- YOUR OBJECTIVE -
Go through the data from its first line and retype each line, stopping once the line containing "X191253750Y-126250000D02*" has been retyped.

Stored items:
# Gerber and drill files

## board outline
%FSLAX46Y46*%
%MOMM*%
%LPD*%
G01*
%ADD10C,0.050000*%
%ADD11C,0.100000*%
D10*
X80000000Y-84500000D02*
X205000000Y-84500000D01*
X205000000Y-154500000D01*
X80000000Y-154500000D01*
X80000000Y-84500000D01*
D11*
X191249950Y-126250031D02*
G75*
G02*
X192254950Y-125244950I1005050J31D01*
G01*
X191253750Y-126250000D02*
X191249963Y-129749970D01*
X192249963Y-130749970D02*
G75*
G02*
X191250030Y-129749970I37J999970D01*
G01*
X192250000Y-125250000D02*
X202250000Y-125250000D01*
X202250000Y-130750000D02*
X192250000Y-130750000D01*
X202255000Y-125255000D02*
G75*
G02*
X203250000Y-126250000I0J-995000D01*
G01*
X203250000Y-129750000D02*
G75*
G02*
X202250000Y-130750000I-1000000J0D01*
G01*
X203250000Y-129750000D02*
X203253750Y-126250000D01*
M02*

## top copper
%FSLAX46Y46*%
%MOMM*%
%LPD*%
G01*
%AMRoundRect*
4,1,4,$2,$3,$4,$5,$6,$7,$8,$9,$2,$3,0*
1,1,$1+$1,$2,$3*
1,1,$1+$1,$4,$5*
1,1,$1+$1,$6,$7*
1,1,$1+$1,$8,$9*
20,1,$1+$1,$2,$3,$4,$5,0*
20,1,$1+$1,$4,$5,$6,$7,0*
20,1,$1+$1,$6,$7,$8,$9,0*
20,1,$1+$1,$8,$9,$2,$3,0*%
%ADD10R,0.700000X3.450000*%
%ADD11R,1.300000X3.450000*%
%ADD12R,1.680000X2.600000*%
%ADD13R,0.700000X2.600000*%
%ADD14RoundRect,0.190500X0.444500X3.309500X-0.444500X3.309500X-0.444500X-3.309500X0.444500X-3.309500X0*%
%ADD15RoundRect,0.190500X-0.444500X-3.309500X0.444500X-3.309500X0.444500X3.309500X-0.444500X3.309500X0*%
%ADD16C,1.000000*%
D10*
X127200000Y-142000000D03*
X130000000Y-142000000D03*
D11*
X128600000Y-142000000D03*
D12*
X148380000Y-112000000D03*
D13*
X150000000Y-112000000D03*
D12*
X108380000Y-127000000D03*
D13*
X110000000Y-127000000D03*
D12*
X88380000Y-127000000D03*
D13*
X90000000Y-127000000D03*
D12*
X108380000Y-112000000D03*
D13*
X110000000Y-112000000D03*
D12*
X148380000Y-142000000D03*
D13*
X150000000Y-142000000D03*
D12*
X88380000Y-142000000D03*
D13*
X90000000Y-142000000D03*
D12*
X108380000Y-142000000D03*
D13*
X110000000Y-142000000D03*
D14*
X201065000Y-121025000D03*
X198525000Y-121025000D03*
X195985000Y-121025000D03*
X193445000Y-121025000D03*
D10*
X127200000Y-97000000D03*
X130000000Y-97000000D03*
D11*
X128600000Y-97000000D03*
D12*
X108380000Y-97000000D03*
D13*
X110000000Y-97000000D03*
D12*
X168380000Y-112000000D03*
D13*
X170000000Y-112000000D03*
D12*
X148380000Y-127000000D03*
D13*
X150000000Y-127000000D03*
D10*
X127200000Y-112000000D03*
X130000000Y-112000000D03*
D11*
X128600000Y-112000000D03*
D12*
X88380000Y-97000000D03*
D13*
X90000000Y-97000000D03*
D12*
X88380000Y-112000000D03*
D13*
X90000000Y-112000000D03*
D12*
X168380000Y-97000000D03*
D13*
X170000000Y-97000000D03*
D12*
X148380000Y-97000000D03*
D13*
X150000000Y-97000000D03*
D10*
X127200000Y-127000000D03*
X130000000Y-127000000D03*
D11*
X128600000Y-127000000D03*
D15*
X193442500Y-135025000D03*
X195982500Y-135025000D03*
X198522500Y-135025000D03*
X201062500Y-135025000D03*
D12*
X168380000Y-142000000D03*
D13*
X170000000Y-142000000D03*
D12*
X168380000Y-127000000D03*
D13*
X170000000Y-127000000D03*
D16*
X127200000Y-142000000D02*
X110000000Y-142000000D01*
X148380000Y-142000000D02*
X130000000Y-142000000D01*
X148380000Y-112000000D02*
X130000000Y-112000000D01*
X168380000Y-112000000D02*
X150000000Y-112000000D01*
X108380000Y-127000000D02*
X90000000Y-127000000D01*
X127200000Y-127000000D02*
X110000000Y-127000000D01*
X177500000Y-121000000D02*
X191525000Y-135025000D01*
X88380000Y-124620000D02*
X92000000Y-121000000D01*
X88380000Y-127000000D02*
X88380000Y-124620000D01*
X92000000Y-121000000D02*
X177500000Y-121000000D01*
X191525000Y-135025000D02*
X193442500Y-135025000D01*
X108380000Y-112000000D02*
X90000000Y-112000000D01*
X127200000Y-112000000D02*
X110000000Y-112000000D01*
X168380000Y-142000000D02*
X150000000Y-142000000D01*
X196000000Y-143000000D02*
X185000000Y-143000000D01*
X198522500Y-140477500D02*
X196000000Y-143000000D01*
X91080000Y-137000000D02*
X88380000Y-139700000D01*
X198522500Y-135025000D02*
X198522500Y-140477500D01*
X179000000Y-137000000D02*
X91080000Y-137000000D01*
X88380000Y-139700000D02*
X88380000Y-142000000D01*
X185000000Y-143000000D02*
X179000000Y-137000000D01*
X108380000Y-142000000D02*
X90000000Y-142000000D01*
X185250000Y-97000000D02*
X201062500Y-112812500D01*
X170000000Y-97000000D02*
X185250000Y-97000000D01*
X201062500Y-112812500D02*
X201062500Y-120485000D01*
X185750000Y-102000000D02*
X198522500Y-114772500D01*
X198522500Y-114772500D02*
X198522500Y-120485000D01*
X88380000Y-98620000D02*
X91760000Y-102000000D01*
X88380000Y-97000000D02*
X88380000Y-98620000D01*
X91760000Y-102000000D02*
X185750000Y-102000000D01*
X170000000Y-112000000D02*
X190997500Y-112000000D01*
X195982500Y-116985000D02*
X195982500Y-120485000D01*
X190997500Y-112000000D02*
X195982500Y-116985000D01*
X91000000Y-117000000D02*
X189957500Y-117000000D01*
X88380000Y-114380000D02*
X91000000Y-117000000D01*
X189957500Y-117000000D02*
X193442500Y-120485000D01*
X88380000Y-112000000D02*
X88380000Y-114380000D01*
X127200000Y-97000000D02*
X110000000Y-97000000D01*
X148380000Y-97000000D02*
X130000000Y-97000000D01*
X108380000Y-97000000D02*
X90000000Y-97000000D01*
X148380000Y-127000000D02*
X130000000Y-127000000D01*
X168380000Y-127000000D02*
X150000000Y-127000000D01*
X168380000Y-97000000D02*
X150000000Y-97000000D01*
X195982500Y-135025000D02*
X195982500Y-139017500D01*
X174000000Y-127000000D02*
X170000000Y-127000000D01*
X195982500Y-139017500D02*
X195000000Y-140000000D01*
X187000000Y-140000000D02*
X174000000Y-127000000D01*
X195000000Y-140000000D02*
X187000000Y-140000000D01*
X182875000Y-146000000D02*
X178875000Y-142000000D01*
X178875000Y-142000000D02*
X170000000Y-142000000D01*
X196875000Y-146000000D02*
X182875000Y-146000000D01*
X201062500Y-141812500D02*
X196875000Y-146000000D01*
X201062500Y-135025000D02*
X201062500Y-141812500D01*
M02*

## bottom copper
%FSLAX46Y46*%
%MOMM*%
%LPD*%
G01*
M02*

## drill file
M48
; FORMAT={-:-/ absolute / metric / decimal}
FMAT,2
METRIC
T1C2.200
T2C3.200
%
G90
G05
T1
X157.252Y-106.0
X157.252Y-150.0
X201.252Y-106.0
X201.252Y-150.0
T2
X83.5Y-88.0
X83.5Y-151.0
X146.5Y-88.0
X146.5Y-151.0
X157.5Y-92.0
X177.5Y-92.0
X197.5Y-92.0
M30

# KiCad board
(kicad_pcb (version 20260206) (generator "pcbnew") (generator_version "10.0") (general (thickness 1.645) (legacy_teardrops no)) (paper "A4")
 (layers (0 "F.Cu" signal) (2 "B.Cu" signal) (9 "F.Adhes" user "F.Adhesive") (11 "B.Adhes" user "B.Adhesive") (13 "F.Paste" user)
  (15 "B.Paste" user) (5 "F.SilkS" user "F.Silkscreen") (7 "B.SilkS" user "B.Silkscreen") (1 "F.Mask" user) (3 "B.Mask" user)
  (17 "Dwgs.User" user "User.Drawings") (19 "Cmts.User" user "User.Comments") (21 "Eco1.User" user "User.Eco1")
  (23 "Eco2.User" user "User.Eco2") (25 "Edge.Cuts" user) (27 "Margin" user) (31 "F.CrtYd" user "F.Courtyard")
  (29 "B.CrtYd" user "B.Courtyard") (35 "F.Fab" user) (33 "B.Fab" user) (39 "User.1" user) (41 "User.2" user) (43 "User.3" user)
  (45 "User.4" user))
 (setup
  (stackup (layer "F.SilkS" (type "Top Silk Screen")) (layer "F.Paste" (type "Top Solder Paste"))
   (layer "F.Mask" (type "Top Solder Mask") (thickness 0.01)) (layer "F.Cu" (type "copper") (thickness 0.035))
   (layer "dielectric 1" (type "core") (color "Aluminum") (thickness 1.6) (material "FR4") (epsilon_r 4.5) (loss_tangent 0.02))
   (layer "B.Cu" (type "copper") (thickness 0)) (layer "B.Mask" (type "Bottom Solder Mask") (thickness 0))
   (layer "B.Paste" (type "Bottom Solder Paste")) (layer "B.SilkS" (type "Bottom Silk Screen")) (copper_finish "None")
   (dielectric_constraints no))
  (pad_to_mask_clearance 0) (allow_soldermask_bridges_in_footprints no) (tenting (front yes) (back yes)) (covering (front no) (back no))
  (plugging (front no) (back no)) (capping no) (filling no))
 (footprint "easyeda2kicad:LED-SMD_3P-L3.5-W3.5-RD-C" (layer "F.Cu") (at 128.6 142)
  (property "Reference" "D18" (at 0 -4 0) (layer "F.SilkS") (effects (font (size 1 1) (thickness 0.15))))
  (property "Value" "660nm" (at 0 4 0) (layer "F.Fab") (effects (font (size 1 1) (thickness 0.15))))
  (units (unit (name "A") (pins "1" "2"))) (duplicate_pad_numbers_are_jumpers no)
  (pad "1" smd rect (at -1.4 0 180) (size 0.7 3.45) (layers "F.Cu" "F.Mask" "F.Paste") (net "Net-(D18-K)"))
  (pad "2" smd rect (at 1.4 0 180) (size 0.7 3.45) (layers "F.Cu" "F.Mask" "F.Paste") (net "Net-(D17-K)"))
  (pad "3" smd rect (at 0 0) (size 1.3 3.45) (layers "F.Cu" "F.Mask" "F.Paste")))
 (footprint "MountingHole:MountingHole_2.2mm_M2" (layer "F.Cu") (at 157.2525 106)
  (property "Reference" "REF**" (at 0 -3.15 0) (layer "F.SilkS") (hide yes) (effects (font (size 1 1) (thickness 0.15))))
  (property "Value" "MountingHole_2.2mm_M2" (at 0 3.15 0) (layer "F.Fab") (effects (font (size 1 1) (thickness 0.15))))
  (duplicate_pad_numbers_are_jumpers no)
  (pad "" np_thru_hole circle (at 0 0) (size 2.2 2.2) (drill 2.2) (layers "*.Cu" "*.Mask")))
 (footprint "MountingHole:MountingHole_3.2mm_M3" (layer "F.Cu") (at 83.5 88)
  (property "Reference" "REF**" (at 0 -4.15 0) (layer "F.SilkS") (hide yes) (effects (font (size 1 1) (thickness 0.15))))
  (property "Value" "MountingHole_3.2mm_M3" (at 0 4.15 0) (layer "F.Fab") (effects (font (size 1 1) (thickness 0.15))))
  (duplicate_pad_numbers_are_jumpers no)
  (pad "" np_thru_hole circle (at 0 0) (size 3.2 3.2) (drill 3.2) (layers "*.Cu" "*.Mask")))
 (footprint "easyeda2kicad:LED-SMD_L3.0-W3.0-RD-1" (layer "F.Cu") (at 149.19 112)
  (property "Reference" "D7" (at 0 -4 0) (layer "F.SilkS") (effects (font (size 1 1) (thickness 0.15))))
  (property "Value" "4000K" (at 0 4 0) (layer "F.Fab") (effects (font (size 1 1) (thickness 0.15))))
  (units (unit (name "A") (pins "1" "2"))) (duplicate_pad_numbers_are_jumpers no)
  (pad "1" smd rect (at -0.81 0 180) (size 1.68 2.6) (layers "F.Cu" "F.Mask" "F.Paste") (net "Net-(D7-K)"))
  (pad "2" smd rect (at 0.81 0 180) (size 0.7 2.6) (layers "F.Cu" "F.Mask" "F.Paste") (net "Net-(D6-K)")))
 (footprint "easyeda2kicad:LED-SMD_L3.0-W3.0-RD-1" (layer "F.Cu") (at 109.19 127)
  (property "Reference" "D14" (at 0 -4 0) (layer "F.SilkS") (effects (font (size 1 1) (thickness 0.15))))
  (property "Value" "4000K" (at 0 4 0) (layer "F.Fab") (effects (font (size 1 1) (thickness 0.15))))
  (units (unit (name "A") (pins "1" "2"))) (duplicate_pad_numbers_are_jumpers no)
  (pad "1" smd rect (at -0.81 0 180) (size 1.68 2.6) (layers "F.Cu" "F.Mask" "F.Paste") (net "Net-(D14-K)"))
  (pad "2" smd rect (at 0.81 0 180) (size 0.7 2.6) (layers "F.Cu" "F.Mask" "F.Paste") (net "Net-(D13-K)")))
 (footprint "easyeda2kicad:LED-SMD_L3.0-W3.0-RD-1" (layer "F.Cu") (at 89.19 127)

- SOLUTION -
# Gerber and drill files

## board outline
%FSLAX46Y46*%
%MOMM*%
%LPD*%
G01*
%ADD10C,0.050000*%
%ADD11C,0.100000*%
D10*
X80000000Y-84500000D02*
X205000000Y-84500000D01*
X205000000Y-154500000D01*
X80000000Y-154500000D01*
X80000000Y-84500000D01*
D11*
X191249950Y-126250031D02*
G75*
G02*
X192254950Y-125244950I1005050J31D01*
G01*
X191253750Y-126250000D02*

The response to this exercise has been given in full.